Vielleicht, weil in Frankreich jeder ein Querdenker ist. Denn das Maskentragen ist für den „Citoyen“ keine kollektive Frage, sondern eine der individuellen Freiheit. Wenn er will, holt er sich morgens ein Baguette, ohne eine Maske anzuziehen. Und wer ihn an das Obligatorium erinnert, wird im besten Fall angefaucht. In einer Boulangerie wurde eine Krankenschwester zusammengeschlagen, in einer Wäscherei ein Familienvater mit Baseballschlägern malträtiert – nur weil sie an die Maskenpflicht erinnert hatten.

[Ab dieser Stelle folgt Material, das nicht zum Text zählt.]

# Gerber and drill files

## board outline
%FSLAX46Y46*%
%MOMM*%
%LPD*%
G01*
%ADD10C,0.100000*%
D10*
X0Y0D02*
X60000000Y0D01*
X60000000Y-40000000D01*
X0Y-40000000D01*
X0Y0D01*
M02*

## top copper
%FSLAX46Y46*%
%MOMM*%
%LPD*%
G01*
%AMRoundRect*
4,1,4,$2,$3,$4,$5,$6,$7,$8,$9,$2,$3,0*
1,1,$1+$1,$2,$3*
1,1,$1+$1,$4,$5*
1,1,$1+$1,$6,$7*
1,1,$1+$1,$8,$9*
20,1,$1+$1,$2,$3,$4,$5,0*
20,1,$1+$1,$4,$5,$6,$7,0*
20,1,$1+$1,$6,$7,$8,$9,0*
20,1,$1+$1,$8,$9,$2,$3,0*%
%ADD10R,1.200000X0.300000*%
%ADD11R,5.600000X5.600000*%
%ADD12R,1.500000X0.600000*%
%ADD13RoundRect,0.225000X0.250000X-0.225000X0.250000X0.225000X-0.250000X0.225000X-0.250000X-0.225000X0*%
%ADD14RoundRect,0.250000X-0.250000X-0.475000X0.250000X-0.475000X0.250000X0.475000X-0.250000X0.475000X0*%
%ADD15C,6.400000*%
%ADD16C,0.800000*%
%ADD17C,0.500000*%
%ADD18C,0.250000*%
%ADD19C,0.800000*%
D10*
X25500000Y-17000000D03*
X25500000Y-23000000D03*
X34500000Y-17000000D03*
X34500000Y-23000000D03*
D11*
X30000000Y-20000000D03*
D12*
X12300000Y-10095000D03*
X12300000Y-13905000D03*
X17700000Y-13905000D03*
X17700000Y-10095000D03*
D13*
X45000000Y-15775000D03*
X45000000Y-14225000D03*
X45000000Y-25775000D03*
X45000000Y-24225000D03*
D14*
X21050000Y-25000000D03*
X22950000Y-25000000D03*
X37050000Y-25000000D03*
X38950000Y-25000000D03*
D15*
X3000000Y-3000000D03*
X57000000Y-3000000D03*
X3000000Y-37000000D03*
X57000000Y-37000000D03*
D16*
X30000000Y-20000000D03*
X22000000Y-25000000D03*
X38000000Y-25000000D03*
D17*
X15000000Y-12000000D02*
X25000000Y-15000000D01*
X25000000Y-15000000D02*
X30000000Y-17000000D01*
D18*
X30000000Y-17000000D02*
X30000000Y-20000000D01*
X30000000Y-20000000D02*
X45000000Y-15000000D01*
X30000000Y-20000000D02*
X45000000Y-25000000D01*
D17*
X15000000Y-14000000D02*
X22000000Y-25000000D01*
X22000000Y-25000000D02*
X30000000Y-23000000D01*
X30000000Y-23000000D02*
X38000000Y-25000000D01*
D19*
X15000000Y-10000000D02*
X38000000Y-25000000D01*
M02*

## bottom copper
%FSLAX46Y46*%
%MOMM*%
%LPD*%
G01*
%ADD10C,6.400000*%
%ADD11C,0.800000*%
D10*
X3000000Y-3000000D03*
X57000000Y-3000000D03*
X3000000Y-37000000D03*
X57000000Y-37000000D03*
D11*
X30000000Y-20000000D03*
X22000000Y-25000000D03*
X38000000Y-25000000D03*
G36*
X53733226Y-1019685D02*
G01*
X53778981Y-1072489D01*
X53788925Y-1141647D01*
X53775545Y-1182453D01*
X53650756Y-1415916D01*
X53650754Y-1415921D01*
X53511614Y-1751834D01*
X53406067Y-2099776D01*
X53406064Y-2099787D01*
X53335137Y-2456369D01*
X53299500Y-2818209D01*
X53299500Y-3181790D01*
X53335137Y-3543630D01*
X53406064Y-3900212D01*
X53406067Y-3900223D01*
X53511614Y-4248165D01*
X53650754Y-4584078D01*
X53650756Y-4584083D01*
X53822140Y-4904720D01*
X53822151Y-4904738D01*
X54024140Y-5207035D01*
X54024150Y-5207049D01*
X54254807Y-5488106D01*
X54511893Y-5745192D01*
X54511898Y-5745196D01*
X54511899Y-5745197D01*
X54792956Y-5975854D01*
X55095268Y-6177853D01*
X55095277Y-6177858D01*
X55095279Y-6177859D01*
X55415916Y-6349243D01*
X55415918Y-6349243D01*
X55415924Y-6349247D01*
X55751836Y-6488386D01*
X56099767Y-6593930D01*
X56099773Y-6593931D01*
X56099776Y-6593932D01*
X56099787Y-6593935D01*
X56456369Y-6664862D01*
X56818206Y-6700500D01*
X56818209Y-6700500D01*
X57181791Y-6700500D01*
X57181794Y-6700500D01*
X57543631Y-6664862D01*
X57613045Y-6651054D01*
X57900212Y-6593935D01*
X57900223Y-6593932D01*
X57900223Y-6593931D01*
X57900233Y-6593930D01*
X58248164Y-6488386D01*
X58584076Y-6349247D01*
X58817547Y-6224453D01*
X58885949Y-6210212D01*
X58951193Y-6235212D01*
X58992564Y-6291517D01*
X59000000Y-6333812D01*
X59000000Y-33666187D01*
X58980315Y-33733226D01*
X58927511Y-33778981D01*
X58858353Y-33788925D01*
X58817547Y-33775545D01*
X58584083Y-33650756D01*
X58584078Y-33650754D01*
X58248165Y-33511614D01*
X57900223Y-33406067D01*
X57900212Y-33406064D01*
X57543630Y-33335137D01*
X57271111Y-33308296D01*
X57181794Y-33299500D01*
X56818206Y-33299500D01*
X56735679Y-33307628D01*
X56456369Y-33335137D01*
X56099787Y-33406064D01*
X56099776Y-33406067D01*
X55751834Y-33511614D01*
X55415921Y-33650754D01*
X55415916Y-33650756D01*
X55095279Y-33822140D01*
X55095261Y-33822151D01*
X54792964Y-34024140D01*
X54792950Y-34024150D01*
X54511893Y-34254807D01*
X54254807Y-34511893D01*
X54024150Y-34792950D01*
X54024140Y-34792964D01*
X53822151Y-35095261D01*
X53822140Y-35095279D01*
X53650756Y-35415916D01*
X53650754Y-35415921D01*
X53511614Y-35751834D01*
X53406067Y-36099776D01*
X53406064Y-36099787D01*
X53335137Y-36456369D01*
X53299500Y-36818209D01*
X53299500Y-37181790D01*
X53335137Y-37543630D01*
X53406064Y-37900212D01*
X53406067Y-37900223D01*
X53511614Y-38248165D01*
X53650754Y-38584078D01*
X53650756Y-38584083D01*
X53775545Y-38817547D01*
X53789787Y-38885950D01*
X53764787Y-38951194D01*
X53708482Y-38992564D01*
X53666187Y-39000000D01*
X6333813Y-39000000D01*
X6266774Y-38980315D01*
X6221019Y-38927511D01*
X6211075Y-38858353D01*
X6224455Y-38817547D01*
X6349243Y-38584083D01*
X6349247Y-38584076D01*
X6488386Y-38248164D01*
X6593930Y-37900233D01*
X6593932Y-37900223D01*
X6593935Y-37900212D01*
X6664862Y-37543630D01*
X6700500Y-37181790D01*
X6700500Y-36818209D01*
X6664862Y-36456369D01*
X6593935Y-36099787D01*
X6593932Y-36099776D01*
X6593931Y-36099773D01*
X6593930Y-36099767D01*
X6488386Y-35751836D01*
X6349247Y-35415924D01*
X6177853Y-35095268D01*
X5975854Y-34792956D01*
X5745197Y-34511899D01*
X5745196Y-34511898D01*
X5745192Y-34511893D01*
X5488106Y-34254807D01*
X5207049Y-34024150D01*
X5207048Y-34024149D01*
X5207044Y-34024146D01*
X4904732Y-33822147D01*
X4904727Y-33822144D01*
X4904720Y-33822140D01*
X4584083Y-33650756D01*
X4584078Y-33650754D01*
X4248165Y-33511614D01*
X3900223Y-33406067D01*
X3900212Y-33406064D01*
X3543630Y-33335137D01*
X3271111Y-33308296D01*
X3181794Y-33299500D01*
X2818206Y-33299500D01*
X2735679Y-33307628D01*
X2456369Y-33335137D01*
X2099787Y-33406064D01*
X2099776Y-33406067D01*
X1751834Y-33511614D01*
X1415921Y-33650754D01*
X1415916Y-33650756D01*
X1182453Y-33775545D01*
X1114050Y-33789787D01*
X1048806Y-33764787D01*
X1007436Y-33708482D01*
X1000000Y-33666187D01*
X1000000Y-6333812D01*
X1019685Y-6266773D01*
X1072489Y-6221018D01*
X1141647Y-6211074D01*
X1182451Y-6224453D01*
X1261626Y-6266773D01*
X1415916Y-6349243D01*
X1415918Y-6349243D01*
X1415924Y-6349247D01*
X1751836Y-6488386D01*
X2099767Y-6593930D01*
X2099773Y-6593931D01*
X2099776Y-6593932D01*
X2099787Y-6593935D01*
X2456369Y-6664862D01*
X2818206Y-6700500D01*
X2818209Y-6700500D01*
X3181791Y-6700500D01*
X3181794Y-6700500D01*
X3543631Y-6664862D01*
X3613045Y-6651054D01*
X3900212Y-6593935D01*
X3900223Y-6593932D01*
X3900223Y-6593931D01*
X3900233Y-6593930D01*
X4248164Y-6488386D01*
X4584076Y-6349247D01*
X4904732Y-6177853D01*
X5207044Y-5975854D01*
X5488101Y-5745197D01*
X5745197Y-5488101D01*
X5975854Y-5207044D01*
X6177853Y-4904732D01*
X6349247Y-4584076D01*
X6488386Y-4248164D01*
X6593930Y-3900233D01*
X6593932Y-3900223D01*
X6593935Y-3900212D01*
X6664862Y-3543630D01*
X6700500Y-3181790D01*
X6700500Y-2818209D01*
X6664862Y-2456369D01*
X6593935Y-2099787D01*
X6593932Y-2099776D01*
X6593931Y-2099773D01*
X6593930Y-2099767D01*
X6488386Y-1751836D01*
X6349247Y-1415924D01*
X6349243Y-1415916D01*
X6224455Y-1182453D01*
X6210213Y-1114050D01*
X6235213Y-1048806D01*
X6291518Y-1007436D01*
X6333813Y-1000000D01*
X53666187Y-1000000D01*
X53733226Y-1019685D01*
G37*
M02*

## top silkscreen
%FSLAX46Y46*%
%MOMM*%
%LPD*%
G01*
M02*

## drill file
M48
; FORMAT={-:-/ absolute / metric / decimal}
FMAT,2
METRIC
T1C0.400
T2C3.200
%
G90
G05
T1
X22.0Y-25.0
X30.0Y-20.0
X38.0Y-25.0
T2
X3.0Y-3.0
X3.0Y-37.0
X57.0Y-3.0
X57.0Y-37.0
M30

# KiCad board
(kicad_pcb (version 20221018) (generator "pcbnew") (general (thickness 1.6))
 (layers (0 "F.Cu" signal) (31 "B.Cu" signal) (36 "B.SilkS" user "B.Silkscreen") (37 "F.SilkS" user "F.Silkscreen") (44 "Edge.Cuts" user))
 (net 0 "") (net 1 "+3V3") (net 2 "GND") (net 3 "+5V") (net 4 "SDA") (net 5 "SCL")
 (gr_rect (start 0 0) (end 60 40) (layer "Edge.Cuts") (width 0.1))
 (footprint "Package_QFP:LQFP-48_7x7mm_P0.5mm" (at 30 20 0) (layer "F.Cu") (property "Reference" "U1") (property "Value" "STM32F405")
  (pad "1" smd rect (at -4.5 -3 0) (size 1.2 0.3) (layers "F.Cu") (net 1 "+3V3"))
  (pad "12" smd rect (at -4.5 3 0) (size 1.2 0.3) (layers "F.Cu") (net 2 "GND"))
  (pad "24" smd rect (at 4.5 -3 0) (size 1.2 0.3) (layers "F.Cu") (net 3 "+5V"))
  (pad "36" smd rect (at 4.5 3 0) (size 1.2 0.3) (layers "F.Cu") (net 2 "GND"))
  (pad "49" smd rect (at 0 0 0) (size 5.6 5.6) (layers "F.Cu") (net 2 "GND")))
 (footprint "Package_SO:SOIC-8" (at 15 12 0) (layer "F.Cu") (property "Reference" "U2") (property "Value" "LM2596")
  (pad "1" smd rect (at -2.7 -1.905 0) (size 1.5 0.6) (layers "F.Cu") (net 3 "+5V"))
  (pad "4" smd rect (at -2.7 1.905 0) (size 1.5 0.6) (layers "F.Cu") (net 2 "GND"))
  (pad "5" smd rect (at 2.7 1.905 0) (size 1.5 0.6) (layers "F.Cu") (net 1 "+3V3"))
  (pad "8" smd rect (at 2.7 -1.905 0) (size 1.5 0.6) (layers "F.Cu") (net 3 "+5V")))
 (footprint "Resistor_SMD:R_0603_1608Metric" (at 45 15 90) (layer "F.Cu") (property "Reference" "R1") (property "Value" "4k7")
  (pad "1" smd roundrect (at -0.775 0 90) (size 0.9 0.95) (layers "F.Cu") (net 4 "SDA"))
  (pad "2" smd roundrect (at 0.775 0 90) (size 0.9 0.95) (layers "F.Cu") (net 1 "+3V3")))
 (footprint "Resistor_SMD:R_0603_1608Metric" (at 45 25 90) (layer "F.Cu") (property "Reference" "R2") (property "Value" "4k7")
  (pad "1" smd roundrect (at -0.775 0 90) (size 0.9 0.95) (layers "F.Cu") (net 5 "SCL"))
  (pad "2" smd roundrect (at 0.775 0 90) (size 0.9 0.95) (layers "F.Cu") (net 1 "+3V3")))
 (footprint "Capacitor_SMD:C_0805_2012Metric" (at 22 25 0) (layer "F.Cu") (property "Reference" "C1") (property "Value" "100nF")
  (pad "1" smd roundrect (at -0.95 0 0) (size 1 1.45) (layers "F.Cu") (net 1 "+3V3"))
  (pad "2" smd roundrect (at 0.95 0 0) (size 1 1.45) (layers "F.Cu") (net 2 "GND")))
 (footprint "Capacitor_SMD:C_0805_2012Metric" (at 38 25 0) (layer "F.Cu") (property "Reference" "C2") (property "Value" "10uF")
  (pad "1" smd roundrect (at -0.95 0 0) (size 1 1.45) (layers "F.Cu") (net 3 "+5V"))
  (pad "2" smd roundrect (at 0.95 0 0) (size 1 1.45) (layers "F.Cu") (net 2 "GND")))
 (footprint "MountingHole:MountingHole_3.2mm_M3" (at 3 3 0) (layer "F.Cu") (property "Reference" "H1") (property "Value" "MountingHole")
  (pad "1" thru_hole circle (at 0 0) (size 6.4 6.4) (drill 3.2) (layers "*.Cu")))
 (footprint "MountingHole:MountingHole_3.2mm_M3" (at 57 3 0) (layer "F.Cu") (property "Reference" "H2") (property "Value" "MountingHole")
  (pad "1" thru_hole circle (at 0 0) (size 6.4 6.4) (drill 3.2) (layers "*.Cu")))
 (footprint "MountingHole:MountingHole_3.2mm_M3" (at 3 37 0) (layer "F.Cu") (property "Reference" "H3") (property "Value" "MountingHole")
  (pad "1" thru_hole circle (at 0 0) (size 6.4 6.4) (drill 3.2) (layers "*.Cu")))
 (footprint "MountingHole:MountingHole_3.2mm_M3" (at 57 37 0) (layer "F.Cu") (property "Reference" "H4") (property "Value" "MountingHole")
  (pad "1" thru_hole circle (at 0 0) (size 6.4 6.4) (drill 3.2) (layers "*.Cu")))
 (segment (start 15 12) (end 25 15) (width 0.5) (layer "F.Cu") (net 3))
 (segment (start 25 15) (end 30 17) (width 0.5) (layer "F.Cu") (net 3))
 (segment (start 30 17) (end 30 20) (width 0.25) (layer "F.Cu") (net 1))
 (segment (start 30 20) (end 45 15) (width 0.25) (layer "F.Cu") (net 4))
 (segment (start 30 20) (end 45 25) (width 0.25) (layer "F.Cu") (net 5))
 (segment (start 15 14) (end 22 25) (width 0.5) (layer "F.Cu") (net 2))
 (segment (start 22 25) (end 30 23) (width 0.5) (layer "F.Cu") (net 2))
 (segment (start 30 23) (end 38 25) (width 0.5) (layer "F.Cu") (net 2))
 (segment (start 15 10) (end 38 25) (width 0.8) (layer "F.Cu") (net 3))
 (via (at 30 20) (size 0.8) (drill 0.4) (layers "F.Cu" "B.Cu") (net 2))
 (via (at 22 25) (size 0.8) (drill 0.4) (layers "F.Cu" "B.Cu") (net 2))
 (via (at 38 25) (size 0.8) (drill 0.4) (layers "F.Cu" "B.Cu") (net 2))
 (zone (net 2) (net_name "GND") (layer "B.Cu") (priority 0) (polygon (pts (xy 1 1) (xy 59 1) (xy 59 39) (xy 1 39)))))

Macron spürt den Unwillen im Volk. Er gibt sich mittlerweile nicht mehr martialisch, sondern fast schon milde. Auch damit findet der Präsident aber nicht den richtigen Ton. Statt seinen Landsleuten Halt in schwierigen Zeiten zu geben, verschanzte er sich lieber in seiner Sommerresidenz, dem Fort de Brégançon an der Côte d’Azur. Dort empfing er Angela Merkel mit Kopfneigen auf Distanz. Anders all jene Franzosen, die sich diesen Sommer auf Ferien mit dem Familienclan beschränkten: Wie „Le Monde“ berichtet, begrüßte man sich im Landhaus der Großeltern partout mit dem obligaten Wangenküsschen, „la bise“. Jüngere tanzten eng auf Ravepartys in den Cevennen, Ältere bräunten am FKK-Strand in Cap d’Agde. Dort schnellen die Infektionszahlen nun gefährlich in die Höhe, landesweit wurde an diesem Wochenende sogar ein Rekord von beinahe 9000 Neuinfektionen an einem Tag erzielt.

Das ist der Preis für einen Sommer, in dem die Franzosen endlich wieder leben, frei atmen, sich näher kommen wollten. Man kann es ihnen nachfühlen nach den harten Restriktionen der Vormonate.